GOAL OF THE EXERCISE: Lines with the word "user" are the ones wanted. Copy each of them from the entries below.

PROVIDED RECORDS:
============
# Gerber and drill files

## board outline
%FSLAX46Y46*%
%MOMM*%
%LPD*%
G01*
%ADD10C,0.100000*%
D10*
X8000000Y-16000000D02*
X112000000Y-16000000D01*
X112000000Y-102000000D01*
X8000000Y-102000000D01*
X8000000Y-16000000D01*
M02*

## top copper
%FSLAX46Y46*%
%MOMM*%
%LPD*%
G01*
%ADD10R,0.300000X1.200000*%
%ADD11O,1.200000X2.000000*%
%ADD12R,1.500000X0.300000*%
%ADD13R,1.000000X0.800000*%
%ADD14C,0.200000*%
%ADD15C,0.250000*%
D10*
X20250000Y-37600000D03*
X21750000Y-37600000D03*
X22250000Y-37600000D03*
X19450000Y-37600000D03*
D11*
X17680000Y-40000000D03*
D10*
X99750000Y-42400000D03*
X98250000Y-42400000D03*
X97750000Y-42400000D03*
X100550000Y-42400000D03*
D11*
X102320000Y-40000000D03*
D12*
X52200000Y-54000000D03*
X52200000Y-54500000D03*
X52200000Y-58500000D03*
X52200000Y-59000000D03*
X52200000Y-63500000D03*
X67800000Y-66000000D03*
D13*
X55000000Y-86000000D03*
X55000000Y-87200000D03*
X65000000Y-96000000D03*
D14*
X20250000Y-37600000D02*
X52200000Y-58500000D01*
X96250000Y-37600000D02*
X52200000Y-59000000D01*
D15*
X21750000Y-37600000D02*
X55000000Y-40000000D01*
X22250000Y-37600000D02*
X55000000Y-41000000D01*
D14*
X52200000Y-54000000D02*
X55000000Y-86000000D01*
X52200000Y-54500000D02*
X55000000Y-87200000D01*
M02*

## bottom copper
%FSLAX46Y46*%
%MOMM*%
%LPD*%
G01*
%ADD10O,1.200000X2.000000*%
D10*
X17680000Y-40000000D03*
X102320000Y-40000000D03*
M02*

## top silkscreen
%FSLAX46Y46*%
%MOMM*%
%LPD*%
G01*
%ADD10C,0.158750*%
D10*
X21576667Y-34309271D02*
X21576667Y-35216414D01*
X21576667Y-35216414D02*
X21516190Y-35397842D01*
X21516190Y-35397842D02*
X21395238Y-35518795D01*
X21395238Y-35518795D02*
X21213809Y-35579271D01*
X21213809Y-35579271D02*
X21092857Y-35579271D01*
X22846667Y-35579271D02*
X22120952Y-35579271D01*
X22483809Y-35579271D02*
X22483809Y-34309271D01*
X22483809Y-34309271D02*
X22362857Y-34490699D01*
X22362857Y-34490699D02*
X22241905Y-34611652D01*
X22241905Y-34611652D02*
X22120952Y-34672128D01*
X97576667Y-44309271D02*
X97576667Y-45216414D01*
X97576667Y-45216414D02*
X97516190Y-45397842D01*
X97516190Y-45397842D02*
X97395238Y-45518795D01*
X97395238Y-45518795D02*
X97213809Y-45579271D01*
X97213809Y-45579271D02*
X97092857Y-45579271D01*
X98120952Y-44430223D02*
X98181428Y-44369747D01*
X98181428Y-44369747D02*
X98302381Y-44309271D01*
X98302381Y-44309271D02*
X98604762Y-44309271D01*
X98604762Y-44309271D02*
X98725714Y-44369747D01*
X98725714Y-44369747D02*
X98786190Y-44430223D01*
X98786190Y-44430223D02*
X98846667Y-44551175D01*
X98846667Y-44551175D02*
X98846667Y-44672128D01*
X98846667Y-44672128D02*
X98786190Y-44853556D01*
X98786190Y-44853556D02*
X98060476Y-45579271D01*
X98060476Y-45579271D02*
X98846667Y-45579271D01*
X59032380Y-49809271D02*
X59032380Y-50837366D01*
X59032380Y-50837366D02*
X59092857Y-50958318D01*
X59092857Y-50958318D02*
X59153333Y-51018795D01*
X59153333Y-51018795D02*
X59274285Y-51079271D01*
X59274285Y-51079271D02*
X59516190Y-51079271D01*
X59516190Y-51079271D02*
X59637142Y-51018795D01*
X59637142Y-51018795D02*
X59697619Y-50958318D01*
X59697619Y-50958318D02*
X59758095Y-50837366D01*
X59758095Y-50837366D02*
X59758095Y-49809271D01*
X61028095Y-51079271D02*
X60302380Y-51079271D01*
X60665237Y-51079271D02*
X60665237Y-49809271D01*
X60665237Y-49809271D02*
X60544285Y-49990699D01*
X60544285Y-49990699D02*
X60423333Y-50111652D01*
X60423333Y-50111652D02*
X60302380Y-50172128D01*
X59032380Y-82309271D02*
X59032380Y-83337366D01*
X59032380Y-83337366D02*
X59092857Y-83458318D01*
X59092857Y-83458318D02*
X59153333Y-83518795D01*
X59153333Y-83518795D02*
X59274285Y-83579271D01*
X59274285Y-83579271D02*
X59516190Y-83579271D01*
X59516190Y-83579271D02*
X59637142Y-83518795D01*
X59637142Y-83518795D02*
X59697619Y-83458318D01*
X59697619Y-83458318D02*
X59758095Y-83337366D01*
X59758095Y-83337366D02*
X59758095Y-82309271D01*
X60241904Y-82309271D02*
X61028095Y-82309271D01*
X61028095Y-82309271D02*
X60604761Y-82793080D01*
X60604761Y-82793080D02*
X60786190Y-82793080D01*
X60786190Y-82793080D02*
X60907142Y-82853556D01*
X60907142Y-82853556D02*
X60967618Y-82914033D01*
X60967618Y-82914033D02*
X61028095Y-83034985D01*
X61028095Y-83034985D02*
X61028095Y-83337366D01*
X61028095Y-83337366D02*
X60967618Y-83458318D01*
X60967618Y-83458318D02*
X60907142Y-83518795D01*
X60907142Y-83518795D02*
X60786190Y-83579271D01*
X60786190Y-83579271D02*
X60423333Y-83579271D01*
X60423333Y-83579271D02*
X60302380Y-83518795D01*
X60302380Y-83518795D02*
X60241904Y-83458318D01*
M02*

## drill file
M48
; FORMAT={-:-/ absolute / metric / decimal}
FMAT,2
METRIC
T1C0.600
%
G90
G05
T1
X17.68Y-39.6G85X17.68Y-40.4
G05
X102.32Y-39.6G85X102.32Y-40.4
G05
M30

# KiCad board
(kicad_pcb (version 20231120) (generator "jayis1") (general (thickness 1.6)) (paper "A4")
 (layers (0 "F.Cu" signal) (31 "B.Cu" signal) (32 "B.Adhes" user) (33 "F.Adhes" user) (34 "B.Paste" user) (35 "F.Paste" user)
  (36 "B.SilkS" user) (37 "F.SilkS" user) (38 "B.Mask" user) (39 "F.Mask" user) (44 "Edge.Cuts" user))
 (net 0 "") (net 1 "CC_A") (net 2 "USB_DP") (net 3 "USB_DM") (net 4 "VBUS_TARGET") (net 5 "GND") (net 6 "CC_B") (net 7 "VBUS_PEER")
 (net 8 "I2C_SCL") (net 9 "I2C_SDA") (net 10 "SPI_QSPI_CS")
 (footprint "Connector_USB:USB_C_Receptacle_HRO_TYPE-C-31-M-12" (layer "F.Cu") (at 22 40)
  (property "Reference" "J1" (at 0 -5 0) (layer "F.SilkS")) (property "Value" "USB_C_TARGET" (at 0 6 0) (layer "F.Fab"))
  (pad "A5" smd rect (at -1.75 -2.4) (size 0.3 1.2) (layers "F.Cu" "F.Paste" "F.Mask") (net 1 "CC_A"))
  (pad "A6" smd rect (at -0.25 -2.4) (size 0.3 1.2) (layers "F.Cu" "F.Paste" "F.Mask") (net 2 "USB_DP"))
  (pad "A7" smd rect (at 0.25 -2.4) (size 0.3 1.2) (layers "F.Cu" "F.Paste" "F.Mask") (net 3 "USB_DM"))
  (pad "A4" smd rect (at -2.55 -2.4) (size 0.3 1.2) (layers "F.Cu" "F.Paste" "F.Mask") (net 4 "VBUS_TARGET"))
  (pad "S1" thru_hole oval (at -4.32 0) (size 1.2 2.0) (drill oval 0.6 1.4) (layers *.Cu *.Mask) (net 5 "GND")))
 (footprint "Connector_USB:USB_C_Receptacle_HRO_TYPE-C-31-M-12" (layer "F.Cu") (at 98 40 180)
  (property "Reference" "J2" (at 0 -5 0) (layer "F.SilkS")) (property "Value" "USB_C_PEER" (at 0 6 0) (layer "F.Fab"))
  (pad "A5" smd rect (at -1.75 -2.4) (size 0.3 1.2) (layers "F.Cu" "F.Paste" "F.Mask") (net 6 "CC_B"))
  (pad "A6" smd rect (at -0.25 -2.4) (size 0.3 1.2) (layers "F.Cu" "F.Paste" "F.Mask") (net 2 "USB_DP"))
  (pad "A7" smd rect (at 0.25 -2.4) (size 0.3 1.2) (layers "F.Cu" "F.Paste" "F.Mask") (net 3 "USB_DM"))
  (pad "A4" smd rect (at -2.55 -2.4) (size 0.3 1.2) (layers "F.Cu" "F.Paste" "F.Mask") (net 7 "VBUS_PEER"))
  (pad "S1" thru_hole oval (at -4.32 0) (size 1.2 2.0) (drill oval 0.6 1.4) (layers *.Cu *.Mask) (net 5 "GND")))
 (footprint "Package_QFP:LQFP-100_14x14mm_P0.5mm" (layer "F.Cu") (at 60 60) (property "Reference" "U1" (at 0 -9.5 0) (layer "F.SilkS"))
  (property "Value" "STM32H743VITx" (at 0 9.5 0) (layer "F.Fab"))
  (pad "1" smd rect (at -7.8 -6.0) (size 1.5 0.3) (layers "F.Cu" "F.Paste" "F.Mask") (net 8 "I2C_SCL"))
  (pad "2" smd rect (at -7.8 -5.5) (size 1.5 0.3) (layers "F.Cu" "F.Paste" "F.Mask") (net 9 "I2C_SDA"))
  (pad "10" smd rect (at -7.8 -1.5) (size 1.5 0.3) (layers "F.Cu" "F.Paste" "F.Mask") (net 1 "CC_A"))
  (pad "11" smd rect (at -7.8 -1.0) (size 1.5 0.3) (layers "F.Cu" "F.Paste" "F.Mask") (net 6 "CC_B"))
  (pad "20" smd rect (at -7.8 3.5) (size 1.5 0.3) (layers "F.Cu" "F.Paste" "F.Mask") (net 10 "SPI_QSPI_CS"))
  (pad "50" smd rect (at 7.8 6.0) (size 1.5 0.3) (layers "F.Cu" "F.Paste" "F.Mask") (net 5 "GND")))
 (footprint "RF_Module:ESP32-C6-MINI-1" (layer "F.Cu") (at 60 91) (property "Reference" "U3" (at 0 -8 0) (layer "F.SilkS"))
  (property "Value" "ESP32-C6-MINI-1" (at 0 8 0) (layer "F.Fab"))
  (pad "1" smd rect (at -5 -5) (size 1.0 0.8) (layers "F.Cu" "F.Paste" "F.Mask") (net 8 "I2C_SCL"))
  (pad "2" smd rect (at -5 -3.8) (size 1.0 0.8) (layers "F.Cu" "F.Paste" "F.Mask") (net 9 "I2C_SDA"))
  (pad "25" smd rect (at 5 5) (size 1.0 0.8) (layers "F.Cu" "F.Paste" "F.Mask") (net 5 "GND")))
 (segment (start 20.25 37.6) (end 52.2 58.5) (width 0.2) (layer "F.Cu") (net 1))
 (segment (start 96.25 37.6) (end 52.2 59.0) (width 0.2) (layer "F.Cu") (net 6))
 (segment (start 21.75 37.6) (end 55 40) (width 0.25) (layer "F.Cu") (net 2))
 (segment (start 22.25 37.6) (end 55 41) (width 0.25) (layer "F.Cu") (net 3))
 (segment (start 52.2 54.0) (end 55.0 86.0) (width 0.2) (layer "F.Cu") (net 8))
 (segment (start 52.2 54.5) (end 55.0 87.2) (width 0.2) (layer "F.Cu") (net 9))
 (gr_rect (start 8 16) (end 112 102) (stroke (width 0.1) (type default)) (fill none) (layer "Edge.Cuts")))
============
TASK OUTPUT:
 (layers (0 "F.Cu" signal) (31 "B.Cu" signal) (32 "B.Adhes" user) (33 "F.Adhes" user) (34 "B.Paste" user) (35 "F.Paste" user)
  (36 "B.SilkS" user) (37 "F.SilkS" user) (38 "B.Mask" user) (39 "F.Mask" user) (44 "Edge.Cuts" user))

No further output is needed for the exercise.